» Your task
Only one span of the listing below is wanted: the lines from the one with "X126116666Y-56275295D02*" through the one with "X121960000Y-65670000D02*", reproduced exactly, both ends kept.

Segment Start: Records provided

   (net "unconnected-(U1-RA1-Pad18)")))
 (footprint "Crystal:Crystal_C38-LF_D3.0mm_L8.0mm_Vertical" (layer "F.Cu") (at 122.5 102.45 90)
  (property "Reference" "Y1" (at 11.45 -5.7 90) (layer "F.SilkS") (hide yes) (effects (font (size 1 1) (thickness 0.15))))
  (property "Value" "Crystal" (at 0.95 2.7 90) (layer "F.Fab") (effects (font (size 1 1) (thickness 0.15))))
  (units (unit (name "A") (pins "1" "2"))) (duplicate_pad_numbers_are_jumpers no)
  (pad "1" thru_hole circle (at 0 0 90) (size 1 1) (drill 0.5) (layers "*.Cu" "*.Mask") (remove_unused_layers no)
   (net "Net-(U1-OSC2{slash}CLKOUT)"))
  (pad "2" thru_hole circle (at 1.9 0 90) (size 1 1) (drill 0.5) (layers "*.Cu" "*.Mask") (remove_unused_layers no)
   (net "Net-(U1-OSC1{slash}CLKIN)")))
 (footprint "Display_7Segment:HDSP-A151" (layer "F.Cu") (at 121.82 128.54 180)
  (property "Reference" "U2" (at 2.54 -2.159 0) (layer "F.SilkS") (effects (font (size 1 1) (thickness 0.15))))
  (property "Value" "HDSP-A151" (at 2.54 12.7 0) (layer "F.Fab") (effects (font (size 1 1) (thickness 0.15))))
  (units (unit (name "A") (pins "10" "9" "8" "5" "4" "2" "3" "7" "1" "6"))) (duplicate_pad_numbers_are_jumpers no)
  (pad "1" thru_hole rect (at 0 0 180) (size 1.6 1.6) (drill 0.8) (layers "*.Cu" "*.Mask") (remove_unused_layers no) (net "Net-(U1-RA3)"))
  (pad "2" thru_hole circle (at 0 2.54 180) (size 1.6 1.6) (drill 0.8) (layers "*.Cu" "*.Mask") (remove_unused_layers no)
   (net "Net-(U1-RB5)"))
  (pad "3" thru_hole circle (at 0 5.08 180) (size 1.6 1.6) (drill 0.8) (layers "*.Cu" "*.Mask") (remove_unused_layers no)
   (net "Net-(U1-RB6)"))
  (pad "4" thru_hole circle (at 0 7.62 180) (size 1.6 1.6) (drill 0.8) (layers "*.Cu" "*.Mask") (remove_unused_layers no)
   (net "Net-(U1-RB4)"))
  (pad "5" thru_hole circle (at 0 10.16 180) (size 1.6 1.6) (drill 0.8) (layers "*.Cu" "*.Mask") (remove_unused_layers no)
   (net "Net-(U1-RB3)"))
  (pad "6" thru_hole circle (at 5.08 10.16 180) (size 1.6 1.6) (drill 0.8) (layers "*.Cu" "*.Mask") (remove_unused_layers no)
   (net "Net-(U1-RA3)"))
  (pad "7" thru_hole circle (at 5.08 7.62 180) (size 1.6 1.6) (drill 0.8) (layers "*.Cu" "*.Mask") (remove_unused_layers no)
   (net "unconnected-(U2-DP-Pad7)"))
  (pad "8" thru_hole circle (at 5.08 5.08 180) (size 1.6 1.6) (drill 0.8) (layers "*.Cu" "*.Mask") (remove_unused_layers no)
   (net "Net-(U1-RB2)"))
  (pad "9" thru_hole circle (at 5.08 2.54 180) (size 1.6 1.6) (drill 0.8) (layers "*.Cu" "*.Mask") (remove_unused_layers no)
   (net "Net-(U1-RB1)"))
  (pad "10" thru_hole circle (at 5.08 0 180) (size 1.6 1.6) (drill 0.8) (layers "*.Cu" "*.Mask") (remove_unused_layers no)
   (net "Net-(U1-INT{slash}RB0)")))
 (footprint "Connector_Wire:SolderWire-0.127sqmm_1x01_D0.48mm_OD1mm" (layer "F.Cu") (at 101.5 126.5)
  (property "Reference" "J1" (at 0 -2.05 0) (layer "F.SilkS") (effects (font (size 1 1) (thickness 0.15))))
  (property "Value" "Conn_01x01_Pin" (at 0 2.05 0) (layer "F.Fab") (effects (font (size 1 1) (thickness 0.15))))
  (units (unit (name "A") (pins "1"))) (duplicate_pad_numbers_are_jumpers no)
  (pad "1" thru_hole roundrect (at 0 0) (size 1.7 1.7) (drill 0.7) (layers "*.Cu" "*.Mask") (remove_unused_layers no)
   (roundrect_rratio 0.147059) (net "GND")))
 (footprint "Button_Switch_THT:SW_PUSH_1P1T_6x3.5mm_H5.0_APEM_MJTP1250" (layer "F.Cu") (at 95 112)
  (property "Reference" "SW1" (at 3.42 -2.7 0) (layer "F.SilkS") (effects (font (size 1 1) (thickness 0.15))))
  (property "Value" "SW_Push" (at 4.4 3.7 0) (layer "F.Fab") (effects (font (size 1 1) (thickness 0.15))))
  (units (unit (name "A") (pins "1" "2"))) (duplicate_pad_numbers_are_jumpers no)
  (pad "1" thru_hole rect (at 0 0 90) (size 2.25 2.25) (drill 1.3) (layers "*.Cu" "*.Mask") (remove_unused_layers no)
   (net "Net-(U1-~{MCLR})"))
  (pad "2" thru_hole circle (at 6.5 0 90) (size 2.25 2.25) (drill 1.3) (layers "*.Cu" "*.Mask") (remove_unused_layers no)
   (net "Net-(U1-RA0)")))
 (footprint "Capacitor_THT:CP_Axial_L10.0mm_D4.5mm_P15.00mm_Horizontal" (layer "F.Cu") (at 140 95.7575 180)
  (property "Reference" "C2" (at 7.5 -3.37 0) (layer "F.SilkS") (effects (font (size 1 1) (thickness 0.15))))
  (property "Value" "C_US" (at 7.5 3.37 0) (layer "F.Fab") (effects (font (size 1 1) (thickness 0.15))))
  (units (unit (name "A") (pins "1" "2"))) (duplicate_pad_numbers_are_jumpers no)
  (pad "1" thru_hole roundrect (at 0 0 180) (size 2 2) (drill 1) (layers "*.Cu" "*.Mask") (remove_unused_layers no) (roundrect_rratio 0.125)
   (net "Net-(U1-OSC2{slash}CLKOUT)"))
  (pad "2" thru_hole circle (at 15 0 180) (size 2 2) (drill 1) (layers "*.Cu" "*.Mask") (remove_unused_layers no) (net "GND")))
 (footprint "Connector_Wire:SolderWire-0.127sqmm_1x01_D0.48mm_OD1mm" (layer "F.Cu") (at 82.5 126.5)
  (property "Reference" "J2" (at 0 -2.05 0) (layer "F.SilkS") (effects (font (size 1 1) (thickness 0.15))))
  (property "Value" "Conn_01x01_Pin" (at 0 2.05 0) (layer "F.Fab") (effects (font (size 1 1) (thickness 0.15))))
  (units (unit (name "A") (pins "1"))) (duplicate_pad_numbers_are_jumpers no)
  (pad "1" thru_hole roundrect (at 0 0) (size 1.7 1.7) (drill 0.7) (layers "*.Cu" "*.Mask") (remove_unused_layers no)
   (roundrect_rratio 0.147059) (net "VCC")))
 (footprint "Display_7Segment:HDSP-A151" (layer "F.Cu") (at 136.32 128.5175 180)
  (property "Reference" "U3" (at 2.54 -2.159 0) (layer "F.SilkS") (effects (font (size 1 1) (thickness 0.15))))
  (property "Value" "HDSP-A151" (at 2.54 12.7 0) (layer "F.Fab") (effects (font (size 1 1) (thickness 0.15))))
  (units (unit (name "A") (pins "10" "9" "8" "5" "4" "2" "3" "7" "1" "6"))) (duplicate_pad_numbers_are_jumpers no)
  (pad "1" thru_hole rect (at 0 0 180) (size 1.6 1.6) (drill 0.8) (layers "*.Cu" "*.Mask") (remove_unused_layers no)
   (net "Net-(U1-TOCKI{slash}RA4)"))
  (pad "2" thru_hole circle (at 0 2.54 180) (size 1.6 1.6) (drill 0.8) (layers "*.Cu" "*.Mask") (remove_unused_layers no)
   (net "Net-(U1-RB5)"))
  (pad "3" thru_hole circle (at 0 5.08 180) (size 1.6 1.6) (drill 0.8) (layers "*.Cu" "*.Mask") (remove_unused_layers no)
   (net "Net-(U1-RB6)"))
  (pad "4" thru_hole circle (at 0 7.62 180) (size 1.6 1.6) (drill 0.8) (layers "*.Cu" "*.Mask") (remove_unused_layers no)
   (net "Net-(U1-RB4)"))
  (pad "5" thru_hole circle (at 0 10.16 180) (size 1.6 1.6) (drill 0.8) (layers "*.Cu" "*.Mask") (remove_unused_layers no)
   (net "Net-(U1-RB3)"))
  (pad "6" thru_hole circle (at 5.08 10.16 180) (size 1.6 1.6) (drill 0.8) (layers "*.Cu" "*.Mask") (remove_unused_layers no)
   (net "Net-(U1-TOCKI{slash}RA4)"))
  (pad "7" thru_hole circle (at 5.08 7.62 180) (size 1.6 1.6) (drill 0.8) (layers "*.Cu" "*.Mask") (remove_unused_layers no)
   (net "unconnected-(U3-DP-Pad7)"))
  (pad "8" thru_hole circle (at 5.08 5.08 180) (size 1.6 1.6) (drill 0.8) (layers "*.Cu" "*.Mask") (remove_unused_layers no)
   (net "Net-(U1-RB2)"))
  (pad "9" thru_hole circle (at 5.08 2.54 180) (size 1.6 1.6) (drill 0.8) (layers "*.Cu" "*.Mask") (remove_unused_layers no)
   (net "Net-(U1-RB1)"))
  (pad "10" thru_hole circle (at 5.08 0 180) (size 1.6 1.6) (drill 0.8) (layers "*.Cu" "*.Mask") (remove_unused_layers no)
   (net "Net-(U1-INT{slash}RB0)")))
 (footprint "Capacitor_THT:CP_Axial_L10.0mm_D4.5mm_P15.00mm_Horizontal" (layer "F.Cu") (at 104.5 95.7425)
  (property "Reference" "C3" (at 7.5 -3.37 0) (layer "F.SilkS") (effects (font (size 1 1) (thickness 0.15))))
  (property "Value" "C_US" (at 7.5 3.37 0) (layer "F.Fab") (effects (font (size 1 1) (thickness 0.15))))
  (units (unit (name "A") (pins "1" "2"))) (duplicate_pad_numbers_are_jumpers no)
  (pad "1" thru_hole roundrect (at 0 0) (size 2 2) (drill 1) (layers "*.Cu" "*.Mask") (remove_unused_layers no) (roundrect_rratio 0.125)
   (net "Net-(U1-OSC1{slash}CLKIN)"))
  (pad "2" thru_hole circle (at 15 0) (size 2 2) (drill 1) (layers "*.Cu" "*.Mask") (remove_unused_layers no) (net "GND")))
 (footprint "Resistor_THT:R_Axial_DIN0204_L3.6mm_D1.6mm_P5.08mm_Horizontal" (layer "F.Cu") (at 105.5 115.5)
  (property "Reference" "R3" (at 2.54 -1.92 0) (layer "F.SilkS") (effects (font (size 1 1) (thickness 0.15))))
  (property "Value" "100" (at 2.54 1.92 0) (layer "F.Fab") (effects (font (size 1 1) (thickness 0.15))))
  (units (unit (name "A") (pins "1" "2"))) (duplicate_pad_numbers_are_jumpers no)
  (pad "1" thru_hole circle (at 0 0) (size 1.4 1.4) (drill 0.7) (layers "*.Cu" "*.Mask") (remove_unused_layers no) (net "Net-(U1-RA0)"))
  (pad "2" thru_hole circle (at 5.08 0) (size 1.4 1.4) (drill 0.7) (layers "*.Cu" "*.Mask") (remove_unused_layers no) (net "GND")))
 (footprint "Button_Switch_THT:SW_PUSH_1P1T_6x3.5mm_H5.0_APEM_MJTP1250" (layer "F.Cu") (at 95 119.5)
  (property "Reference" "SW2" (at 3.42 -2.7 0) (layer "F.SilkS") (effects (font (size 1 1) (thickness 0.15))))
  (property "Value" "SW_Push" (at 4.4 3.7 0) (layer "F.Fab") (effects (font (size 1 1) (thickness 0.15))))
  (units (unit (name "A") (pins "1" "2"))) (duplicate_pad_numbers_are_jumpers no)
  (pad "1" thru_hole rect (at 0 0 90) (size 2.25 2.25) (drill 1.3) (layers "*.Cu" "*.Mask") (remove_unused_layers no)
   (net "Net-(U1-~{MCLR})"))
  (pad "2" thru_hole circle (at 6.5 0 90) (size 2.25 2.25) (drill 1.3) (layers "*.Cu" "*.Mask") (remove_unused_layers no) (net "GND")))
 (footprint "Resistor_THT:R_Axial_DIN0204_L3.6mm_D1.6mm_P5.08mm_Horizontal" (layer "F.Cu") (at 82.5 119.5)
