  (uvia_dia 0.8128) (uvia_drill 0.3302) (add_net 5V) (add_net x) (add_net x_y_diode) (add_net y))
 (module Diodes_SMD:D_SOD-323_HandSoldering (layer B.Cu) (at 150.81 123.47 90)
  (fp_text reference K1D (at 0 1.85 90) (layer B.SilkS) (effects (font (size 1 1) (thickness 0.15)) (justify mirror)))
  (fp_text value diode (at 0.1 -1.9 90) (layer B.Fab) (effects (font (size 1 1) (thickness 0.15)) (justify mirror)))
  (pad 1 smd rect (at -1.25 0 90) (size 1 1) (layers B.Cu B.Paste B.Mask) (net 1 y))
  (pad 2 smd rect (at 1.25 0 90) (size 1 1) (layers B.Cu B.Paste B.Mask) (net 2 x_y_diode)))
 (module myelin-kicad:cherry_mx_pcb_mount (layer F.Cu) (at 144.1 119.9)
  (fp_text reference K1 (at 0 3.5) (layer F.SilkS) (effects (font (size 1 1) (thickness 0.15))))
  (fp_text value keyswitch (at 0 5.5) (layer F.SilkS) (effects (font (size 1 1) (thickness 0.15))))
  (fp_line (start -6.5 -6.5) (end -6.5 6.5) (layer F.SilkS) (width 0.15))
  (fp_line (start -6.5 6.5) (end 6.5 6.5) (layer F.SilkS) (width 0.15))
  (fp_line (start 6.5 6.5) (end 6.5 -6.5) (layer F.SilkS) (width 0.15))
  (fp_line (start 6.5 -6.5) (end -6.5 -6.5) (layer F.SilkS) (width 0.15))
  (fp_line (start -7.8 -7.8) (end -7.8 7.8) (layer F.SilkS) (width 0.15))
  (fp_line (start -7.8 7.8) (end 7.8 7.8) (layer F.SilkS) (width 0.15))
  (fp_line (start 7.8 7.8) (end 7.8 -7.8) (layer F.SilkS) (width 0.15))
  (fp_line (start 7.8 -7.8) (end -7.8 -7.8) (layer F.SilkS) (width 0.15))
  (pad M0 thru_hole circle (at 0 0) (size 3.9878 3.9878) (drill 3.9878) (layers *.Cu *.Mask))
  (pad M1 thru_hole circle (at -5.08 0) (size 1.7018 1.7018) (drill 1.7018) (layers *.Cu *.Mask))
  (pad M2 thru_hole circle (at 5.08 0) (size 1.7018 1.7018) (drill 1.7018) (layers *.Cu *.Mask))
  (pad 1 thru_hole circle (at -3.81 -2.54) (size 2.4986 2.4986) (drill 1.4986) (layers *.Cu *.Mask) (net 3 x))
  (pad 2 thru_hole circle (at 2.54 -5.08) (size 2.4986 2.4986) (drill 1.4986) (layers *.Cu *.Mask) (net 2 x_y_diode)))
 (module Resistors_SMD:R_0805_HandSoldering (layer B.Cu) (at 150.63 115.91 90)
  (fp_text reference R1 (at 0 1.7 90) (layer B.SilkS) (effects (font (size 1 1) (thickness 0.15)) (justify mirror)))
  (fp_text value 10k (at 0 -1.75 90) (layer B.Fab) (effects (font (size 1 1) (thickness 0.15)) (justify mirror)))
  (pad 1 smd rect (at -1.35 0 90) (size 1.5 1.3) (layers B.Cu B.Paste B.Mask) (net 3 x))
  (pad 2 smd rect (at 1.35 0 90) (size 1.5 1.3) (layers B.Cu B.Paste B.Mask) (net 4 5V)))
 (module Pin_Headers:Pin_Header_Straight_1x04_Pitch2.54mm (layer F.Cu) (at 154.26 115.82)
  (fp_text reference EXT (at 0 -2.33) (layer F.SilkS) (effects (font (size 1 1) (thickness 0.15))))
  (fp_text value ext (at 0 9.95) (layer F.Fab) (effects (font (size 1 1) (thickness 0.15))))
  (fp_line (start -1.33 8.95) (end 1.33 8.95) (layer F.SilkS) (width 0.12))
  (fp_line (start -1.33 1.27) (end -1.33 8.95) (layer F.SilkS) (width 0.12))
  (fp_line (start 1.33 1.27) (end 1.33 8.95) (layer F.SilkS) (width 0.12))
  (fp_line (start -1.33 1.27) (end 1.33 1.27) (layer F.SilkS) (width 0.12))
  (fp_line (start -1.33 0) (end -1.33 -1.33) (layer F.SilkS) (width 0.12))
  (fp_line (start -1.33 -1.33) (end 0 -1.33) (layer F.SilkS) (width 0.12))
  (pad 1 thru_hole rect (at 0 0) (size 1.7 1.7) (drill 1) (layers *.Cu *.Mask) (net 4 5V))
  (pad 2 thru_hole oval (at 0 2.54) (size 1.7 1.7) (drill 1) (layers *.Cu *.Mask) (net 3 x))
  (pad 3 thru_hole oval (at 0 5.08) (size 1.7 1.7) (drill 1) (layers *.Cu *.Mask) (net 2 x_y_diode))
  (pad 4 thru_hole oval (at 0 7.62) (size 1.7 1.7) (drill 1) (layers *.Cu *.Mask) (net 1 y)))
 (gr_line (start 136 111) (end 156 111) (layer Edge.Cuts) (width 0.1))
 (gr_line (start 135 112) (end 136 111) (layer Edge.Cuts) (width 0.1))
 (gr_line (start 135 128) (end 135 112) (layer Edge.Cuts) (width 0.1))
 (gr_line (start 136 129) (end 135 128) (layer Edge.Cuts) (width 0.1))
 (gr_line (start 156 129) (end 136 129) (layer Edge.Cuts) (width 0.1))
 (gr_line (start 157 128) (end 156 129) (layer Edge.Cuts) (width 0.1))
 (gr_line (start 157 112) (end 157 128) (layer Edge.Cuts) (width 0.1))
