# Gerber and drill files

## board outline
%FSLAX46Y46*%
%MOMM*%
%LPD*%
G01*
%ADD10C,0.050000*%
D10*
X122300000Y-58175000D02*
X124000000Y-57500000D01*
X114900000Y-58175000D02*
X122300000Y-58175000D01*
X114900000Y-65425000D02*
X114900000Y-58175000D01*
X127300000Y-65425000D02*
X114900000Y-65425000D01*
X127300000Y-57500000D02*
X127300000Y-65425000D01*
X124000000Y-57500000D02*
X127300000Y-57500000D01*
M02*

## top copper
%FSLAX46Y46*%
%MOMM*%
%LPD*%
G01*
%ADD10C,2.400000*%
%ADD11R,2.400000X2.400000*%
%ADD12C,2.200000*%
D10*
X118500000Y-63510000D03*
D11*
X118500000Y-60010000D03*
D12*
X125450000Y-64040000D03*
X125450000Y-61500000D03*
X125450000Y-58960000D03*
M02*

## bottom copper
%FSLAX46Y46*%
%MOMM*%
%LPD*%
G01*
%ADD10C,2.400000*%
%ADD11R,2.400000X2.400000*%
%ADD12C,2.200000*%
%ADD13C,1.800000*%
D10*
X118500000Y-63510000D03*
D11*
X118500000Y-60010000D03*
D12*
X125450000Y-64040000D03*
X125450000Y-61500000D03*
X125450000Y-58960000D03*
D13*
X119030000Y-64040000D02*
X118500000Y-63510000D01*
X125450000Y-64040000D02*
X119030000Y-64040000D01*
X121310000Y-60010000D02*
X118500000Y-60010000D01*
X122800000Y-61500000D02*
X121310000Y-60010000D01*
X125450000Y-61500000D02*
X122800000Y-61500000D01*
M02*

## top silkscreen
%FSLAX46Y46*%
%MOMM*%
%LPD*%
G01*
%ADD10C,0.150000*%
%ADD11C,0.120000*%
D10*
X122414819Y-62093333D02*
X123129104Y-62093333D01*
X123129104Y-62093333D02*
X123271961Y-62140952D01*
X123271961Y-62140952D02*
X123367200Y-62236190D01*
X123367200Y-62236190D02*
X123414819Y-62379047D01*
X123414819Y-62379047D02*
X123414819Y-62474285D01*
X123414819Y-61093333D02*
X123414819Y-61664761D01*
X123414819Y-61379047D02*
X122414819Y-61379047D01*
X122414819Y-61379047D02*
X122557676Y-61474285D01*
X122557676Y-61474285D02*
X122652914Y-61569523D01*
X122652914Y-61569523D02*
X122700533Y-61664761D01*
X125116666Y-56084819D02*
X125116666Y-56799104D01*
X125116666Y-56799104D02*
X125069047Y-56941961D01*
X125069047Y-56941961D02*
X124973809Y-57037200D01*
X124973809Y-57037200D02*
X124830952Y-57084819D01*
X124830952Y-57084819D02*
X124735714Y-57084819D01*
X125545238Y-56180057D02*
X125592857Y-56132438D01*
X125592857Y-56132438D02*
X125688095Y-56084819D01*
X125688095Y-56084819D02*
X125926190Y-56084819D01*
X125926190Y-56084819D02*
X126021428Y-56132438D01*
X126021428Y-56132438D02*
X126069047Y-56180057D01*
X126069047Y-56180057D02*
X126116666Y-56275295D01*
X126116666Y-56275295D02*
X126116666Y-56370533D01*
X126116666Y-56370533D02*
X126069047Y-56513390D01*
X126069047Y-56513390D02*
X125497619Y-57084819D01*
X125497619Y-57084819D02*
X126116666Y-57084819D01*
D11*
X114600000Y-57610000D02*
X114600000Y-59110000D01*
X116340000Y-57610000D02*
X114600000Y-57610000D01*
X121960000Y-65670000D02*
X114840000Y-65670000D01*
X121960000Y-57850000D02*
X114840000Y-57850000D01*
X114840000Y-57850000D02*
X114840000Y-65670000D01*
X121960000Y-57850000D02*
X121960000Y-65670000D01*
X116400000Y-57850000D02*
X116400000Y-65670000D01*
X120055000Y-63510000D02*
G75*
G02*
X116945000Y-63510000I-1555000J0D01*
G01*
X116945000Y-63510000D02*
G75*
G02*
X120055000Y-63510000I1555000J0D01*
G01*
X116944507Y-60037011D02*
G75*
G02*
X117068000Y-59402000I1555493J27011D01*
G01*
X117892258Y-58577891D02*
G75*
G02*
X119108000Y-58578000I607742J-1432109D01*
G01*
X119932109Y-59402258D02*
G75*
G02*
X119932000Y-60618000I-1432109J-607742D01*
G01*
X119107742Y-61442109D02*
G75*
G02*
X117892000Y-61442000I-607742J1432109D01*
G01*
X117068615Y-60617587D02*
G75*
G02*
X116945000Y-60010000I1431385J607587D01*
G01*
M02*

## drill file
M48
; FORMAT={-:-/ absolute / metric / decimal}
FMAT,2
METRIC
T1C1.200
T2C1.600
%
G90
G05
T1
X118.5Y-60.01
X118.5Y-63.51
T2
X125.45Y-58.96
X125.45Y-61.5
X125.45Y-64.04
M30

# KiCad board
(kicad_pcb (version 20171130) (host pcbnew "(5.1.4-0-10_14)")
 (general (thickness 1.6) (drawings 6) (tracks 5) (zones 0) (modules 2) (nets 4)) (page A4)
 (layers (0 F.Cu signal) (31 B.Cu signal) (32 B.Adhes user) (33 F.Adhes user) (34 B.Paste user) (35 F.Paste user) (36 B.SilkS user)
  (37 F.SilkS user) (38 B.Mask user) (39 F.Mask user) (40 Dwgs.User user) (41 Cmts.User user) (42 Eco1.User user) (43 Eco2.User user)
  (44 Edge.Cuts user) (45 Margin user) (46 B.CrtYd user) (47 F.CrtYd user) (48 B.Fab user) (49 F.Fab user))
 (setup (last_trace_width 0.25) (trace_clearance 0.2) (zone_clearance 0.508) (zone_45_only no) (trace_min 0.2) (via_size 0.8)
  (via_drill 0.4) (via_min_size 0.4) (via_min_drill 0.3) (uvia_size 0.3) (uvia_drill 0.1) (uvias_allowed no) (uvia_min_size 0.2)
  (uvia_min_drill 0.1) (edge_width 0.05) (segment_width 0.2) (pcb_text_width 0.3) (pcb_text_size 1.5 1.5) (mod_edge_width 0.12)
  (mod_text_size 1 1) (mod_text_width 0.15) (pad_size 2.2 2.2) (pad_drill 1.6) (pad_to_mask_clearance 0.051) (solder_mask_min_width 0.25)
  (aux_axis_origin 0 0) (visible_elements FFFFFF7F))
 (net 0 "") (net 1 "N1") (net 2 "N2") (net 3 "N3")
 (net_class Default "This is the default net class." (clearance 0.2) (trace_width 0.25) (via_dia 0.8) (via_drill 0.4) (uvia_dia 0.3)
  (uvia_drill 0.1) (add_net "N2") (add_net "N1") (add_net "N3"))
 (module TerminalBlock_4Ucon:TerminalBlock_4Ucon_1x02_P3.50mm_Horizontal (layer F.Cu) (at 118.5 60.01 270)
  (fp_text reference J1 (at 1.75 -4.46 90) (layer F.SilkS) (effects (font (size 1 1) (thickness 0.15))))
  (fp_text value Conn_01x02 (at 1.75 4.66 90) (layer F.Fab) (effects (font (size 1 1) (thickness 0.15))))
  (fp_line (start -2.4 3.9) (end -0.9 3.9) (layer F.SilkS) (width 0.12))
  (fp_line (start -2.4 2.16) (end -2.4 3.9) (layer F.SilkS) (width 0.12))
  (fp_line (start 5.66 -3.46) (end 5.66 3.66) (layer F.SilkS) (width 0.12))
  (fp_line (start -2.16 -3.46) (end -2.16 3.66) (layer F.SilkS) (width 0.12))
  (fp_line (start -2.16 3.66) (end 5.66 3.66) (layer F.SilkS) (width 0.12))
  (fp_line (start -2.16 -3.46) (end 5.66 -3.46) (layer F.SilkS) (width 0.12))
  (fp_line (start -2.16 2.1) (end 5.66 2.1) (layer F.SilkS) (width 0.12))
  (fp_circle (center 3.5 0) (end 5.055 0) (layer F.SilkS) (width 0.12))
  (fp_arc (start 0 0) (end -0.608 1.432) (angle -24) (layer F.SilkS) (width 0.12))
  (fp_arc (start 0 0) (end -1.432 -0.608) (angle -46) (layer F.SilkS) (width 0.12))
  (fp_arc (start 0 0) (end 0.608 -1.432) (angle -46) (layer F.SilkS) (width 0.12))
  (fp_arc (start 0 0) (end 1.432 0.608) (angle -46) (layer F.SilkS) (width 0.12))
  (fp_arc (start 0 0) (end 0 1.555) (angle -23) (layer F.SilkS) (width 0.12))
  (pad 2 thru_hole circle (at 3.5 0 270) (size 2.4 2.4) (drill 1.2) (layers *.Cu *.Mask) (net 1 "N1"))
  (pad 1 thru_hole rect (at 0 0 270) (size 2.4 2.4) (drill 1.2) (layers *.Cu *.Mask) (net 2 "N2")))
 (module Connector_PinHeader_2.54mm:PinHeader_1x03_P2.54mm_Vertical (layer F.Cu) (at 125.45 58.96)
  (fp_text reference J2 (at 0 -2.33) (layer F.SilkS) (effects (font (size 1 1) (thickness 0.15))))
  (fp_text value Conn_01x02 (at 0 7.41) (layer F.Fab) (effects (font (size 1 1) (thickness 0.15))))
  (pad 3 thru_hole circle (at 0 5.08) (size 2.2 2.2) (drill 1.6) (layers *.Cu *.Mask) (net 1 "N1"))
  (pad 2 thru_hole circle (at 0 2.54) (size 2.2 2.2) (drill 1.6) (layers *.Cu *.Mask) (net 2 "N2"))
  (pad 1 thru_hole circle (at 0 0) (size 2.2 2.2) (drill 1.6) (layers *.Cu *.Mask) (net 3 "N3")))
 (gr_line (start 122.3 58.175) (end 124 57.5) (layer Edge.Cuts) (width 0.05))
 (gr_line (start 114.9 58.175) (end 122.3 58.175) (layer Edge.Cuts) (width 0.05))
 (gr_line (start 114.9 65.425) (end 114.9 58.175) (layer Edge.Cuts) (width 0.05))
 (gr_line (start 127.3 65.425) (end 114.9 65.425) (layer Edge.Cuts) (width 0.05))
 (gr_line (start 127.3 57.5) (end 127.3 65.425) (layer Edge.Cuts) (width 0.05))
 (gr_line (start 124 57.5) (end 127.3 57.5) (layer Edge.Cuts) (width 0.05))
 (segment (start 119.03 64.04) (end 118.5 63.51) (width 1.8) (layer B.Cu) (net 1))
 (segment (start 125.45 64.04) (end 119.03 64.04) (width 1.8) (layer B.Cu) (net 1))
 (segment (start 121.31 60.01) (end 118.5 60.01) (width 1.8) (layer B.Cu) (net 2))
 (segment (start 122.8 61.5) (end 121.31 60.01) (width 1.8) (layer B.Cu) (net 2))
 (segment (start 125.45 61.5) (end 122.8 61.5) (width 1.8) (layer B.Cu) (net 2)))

Segment End: Records provided

» Task response
X126116666Y-56275295D02*
X126116666Y-56370533D01*
X126116666Y-56370533D02*
X126069047Y-56513390D01*
X126069047Y-56513390D02*
X125497619Y-57084819D01*
X125497619Y-57084819D02*
X126116666Y-57084819D01*
D11*
X114600000Y-57610000D02*
X114600000Y-59110000D01*
X116340000Y-57610000D02*
X114600000Y-57610000D01*
X121960000Y-65670000D02*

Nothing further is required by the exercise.